• [TRY IT] Give back exactly the lines of the entries below from the line with "absolute / metric" to the line with "(44 Edge.Cuts user)", inclusive, and only those.

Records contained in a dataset
########

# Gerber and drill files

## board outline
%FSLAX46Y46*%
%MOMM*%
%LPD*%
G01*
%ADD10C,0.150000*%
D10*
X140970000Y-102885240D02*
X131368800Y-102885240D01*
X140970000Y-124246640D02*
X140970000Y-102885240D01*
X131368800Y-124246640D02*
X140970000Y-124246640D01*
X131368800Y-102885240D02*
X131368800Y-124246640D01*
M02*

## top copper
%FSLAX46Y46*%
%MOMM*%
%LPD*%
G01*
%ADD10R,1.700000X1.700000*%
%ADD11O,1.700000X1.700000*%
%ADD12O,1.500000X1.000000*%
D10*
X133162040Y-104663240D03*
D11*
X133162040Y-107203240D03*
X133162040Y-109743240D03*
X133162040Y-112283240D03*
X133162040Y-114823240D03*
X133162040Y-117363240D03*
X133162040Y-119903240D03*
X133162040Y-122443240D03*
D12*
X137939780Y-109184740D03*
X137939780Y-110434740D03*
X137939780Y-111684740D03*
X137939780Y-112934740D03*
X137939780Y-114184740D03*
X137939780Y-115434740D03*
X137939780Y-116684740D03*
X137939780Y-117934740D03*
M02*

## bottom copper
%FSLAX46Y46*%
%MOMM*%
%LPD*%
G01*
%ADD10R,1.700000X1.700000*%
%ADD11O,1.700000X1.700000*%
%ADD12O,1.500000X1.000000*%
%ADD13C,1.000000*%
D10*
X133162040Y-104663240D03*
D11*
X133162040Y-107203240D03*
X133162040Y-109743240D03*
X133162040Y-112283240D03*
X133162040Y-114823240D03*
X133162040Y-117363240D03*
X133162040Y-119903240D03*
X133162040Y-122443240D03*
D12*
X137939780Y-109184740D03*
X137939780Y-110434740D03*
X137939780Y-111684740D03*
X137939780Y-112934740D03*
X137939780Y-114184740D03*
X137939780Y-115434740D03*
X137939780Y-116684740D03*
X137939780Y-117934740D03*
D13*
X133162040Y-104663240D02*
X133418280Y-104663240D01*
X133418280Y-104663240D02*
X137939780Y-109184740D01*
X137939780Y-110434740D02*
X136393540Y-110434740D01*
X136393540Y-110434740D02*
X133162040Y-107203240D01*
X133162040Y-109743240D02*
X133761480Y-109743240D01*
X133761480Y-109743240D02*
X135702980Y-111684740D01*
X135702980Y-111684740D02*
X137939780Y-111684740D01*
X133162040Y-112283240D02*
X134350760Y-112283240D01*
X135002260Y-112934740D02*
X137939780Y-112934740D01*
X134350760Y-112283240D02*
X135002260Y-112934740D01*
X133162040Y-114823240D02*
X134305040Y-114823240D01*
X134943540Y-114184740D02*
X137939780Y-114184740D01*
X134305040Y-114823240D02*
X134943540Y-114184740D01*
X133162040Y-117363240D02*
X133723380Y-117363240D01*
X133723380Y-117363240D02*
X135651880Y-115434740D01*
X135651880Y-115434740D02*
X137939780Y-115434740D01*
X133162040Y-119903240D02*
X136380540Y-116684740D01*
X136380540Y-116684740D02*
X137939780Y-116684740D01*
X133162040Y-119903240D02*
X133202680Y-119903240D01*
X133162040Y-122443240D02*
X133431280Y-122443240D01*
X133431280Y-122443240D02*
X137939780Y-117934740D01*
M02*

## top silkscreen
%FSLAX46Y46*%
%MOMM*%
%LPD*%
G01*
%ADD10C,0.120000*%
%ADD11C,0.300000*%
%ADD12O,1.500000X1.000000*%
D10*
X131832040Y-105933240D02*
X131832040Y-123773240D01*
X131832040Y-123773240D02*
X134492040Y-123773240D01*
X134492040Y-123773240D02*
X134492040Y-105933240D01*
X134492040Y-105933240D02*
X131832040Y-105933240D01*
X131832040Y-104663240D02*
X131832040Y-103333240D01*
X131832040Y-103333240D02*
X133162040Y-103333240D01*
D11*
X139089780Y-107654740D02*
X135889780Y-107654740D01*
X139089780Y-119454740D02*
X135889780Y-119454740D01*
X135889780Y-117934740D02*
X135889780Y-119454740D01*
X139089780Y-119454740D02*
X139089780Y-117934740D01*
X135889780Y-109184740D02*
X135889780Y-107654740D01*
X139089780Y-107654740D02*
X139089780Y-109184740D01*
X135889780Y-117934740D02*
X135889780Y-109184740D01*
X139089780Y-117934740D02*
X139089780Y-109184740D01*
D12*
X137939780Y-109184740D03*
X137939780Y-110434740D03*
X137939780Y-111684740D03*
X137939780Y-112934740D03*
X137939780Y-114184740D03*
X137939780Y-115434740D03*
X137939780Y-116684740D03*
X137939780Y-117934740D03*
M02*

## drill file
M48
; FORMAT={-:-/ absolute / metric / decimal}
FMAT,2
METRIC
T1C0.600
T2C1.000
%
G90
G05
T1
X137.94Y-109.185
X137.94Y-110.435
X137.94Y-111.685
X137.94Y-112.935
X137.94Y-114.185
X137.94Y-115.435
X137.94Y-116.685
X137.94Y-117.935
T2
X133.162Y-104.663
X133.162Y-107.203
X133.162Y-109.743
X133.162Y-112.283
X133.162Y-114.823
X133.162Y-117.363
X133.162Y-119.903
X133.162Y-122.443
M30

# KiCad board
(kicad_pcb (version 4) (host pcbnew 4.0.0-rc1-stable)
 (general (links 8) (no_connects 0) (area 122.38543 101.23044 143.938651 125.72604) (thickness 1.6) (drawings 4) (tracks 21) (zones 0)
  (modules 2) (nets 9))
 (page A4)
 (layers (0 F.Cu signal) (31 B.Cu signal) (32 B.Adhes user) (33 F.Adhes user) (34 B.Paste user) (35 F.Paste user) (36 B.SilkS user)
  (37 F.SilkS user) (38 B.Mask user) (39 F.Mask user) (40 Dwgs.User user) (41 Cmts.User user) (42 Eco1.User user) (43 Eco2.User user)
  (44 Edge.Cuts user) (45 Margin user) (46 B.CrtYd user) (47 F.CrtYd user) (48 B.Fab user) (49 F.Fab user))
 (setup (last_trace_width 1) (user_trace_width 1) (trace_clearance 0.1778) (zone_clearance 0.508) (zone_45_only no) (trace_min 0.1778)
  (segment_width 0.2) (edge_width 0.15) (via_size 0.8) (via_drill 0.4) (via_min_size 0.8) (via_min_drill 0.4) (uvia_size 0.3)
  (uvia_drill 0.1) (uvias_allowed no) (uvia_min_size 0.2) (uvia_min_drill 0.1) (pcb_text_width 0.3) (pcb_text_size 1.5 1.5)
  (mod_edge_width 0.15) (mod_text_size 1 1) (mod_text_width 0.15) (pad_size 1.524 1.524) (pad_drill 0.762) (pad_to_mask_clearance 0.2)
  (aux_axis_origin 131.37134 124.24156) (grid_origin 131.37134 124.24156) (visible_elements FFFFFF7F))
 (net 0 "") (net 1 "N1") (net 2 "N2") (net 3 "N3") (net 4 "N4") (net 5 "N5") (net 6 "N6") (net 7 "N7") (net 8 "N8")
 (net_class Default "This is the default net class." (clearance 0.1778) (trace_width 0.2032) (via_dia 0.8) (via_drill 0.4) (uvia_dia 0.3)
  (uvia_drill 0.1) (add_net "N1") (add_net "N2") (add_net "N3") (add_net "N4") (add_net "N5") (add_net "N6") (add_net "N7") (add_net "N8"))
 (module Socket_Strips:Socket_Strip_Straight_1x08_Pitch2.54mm (layer F.Cu) (at 133.16204 104.66324)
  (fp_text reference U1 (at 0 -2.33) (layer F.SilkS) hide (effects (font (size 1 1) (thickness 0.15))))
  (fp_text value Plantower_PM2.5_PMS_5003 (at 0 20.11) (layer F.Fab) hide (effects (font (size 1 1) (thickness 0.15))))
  (fp_line (start -1.33 1.27) (end -1.33 19.11) (layer F.SilkS) (width 0.12))
  (fp_line (start -1.33 19.11) (end 1.33 19.11) (layer F.SilkS) (width 0.12))
  (fp_line (start 1.33 19.11) (end 1.33 1.27) (layer F.SilkS) (width 0.12))
  (fp_line (start 1.33 1.27) (end -1.33 1.27) (layer F.SilkS) (width 0.12))
  (fp_line (start -1.33 0) (end -1.33 -1.33) (layer F.SilkS) (width 0.12))
  (fp_line (start -1.33 -1.33) (end 0 -1.33) (layer F.SilkS) (width 0.12))
  (pad 1 thru_hole rect (at 0 0) (size 1.7 1.7) (drill 1) (layers *.Cu *.Mask) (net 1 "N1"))
  (pad 2 thru_hole oval (at 0 2.54) (size 1.7 1.7) (drill 1) (layers *.Cu *.Mask) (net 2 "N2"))
  (pad 3 thru_hole oval (at 0 5.08) (size 1.7 1.7) (drill 1) (layers *.Cu *.Mask) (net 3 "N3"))
  (pad 4 thru_hole oval (at 0 7.62) (size 1.7 1.7) (drill 1) (layers *.Cu *.Mask) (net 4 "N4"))
  (pad 5 thru_hole oval (at 0 10.16) (size 1.7 1.7) (drill 1) (layers *.Cu *.Mask) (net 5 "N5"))
  (pad 6 thru_hole oval (at 0 12.7) (size 1.7 1.7) (drill 1) (layers *.Cu *.Mask) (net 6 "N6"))
  (pad 7 thru_hole oval (at 0 15.24) (size 1.7 1.7) (drill 1) (layers *.Cu *.Mask) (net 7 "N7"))
  (pad 8 thru_hole oval (at 0 17.78) (size 1.7 1.7) (drill 1) (layers *.Cu *.Mask) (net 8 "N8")))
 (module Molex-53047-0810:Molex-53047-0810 (layer F.Cu) (at 137.93978 117.93474 90)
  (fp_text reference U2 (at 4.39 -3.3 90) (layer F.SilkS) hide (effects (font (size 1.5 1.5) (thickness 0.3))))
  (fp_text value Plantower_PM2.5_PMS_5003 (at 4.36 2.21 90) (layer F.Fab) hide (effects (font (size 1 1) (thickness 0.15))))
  (fp_line (start 10.28 1.15) (end 10.28 -2.05) (layer F.SilkS) (width 0.3))
  (fp_line (start -1.52 1.15) (end -1.52 -2.05) (layer F.SilkS) (width 0.3))
  (fp_line (start 0 -2.05) (end -1.52 -2.05) (layer F.SilkS) (width 0.3))
  (fp_line (start -1.52 1.15) (end 0 1.15) (layer F.SilkS) (width 0.3))
  (fp_line (start 8.75 -2.05) (end 10.28 -2.05) (layer F.SilkS) (width 0.3))
  (fp_line (start 10.28 1.15) (end 8.75 1.15) (layer F.SilkS) (width 0.3))
  (fp_line (start 0 -2.05) (end 8.75 -2.05) (layer F.SilkS) (width 0.3))
  (fp_line (start 0 1.15) (end 8.75 1.15) (layer F.SilkS) (width 0.3))
  (pad 1 thru_hole oval (at 8.75 0 90) (size 1 1.5) (drill 0.6) (layers *.Cu *.Mask F.SilkS) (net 1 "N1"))
  (pad 2 thru_hole oval (at 7.5 0 90) (size 1 1.5) (drill 0.6) (layers *.Cu *.Mask F.SilkS) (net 2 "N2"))
  (pad 3 thru_hole oval (at 6.25 0 90) (size 1 1.5) (drill 0.6) (layers *.Cu *.Mask F.SilkS) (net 3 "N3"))
  (pad 4 thru_hole oval (at 5 0 90) (size 1 1.5) (drill 0.6) (layers *.Cu *.Mask F.SilkS) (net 4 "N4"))
  (pad 5 thru_hole oval (at 3.75 0 90) (size 1 1.5) (drill 0.6) (layers *.Cu *.Mask F.SilkS) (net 5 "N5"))
  (pad 6 thru_hole oval (at 2.5 0 90) (size 1 1.5) (drill 0.6) (layers *.Cu *.Mask F.SilkS) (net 6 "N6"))
  (pad 7 thru_hole oval (at 1.25 0 90) (size 1 1.5) (drill 0.6) (layers *.Cu *.Mask F.SilkS) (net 7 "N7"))
  (pad 8 thru_hole oval (at 0 0 90) (size 1 1.5) (drill 0.6) (layers *.Cu *.Mask F.SilkS) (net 8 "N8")))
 (gr_line (start 140.97 102.88524) (end 131.3688 102.88524) (angle 90) (layer Edge.Cuts) (width 0.15))
 (gr_line (start 140.97 124.24664) (end 140.97 102.88524) (angle 90) (layer Edge.Cuts) (width 0.15))
 (gr_line (start 131.3688 124.24664) (end 140.97 124.24664) (angle 90) (layer Edge.Cuts) (width 0.15))
 (gr_line (start 131.3688 102.88524) (end 131.3688 124.24664) (angle 90) (layer Edge.Cuts) (width 0.15))
 (segment (start 133.16204 104.66324) (end 133.41828 104.66324) (width 1) (layer B.Cu) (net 1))
 (segment (start 133.41828 104.66324) (end 137.93978 109.18474) (width 1) (layer B.Cu) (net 1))
 (segment (start 137.93978 110.43474) (end 136.39354 110.43474) (width 1) (layer B.Cu) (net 2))
 (segment (start 136.39354 110.43474) (end 133.16204 107.20324) (width 1) (layer B.Cu) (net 2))
 (segment (start 133.16204 109.74324) (end 133.76148 109.74324) (width 1) (layer B.Cu) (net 3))
 (segment (start 133.76148 109.74324) (end 135.70298 111.68474) (width 1) (layer B.Cu) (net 3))
 (segment (start 135.70298 111.68474) (end 137.93978 111.68474) (width 1) (layer B.Cu) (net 3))
 (segment (start 133.16204 112.28324) (end 134.35076 112.28324) (width 1) (layer B.Cu) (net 4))
 (segment (start 135.00226 112.93474) (end 137.93978 112.93474) (width 1) (layer B.Cu) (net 4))
 (segment (start 134.35076 112.28324) (end 135.00226 112.93474) (width 1) (layer B.Cu) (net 4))
 (segment (start 133.16204 114.82324) (end 134.30504 114.82324) (width 1) (layer B.Cu) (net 5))
 (segment (start 134.94354 114.18474) (end 137.93978 114.18474) (width 1) (layer B.Cu) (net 5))
 (segment (start 134.30504 114.82324) (end 134.94354 114.18474) (width 1) (layer B.Cu) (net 5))
 (segment (start 133.16204 117.36324) (end 133.72338 117.36324) (width 1) (layer B.Cu) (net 6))
 (segment (start 133.72338 117.36324) (end 135.65188 115.43474) (width 1) (layer B.Cu) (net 6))
 (segment (start 135.65188 115.43474) (end 137.93978 115.43474) (width 1) (layer B.Cu) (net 6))
 (segment (start 133.16204 119.90324) (end 136.38054 116.68474) (width 1) (layer B.Cu) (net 7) (status 400000))
 (segment (start 136.38054 116.68474) (end 137.93978 116.68474) (width 1) (layer B.Cu) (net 7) (status 800000))
 (segment (start 133.16204 119.90324) (end 133.20268 119.90324) (width 1) (layer B.Cu) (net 7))
 (segment (start 133.16204 122.44324) (end 133.43128 122.44324) (width 1) (layer B.Cu) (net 8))
 (segment (start 133.43128 122.44324) (end 137.93978 117.93474) (width 1) (layer B.Cu) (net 8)))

########

• [PROBLEM SOLUTION]
; FORMAT={-:-/ absolute / metric / decimal}
FMAT,2
METRIC
T1C0.600
T2C1.000
%
G90
G05
T1
X137.94Y-109.185
X137.94Y-110.435
X137.94Y-111.685
X137.94Y-112.935
X137.94Y-114.185
X137.94Y-115.435
X137.94Y-116.685
X137.94Y-117.935
T2
X133.162Y-104.663
X133.162Y-107.203
X133.162Y-109.743
X133.162Y-112.283
X133.162Y-114.823
X133.162Y-117.363
X133.162Y-119.903
X133.162Y-122.443
M30

# KiCad board
(kicad_pcb (version 4) (host pcbnew 4.0.0-rc1-stable)
 (general (links 8) (no_connects 0) (area 122.38543 101.23044 143.938651 125.72604) (thickness 1.6) (drawings 4) (tracks 21) (zones 0)
  (modules 2) (nets 9))
 (page A4)
 (layers (0 F.Cu signal) (31 B.Cu signal) (32 B.Adhes user) (33 F.Adhes user) (34 B.Paste user) (35 F.Paste user) (36 B.SilkS user)
  (37 F.SilkS user) (38 B.Mask user) (39 F.Mask user) (40 Dwgs.User user) (41 Cmts.User user) (42 Eco1.User user) (43 Eco2.User user)
  (44 Edge.Cuts user) (45 Margin user) (46 B.CrtYd user) (47 F.CrtYd user) (48 B.Fab user) (49 F.Fab user))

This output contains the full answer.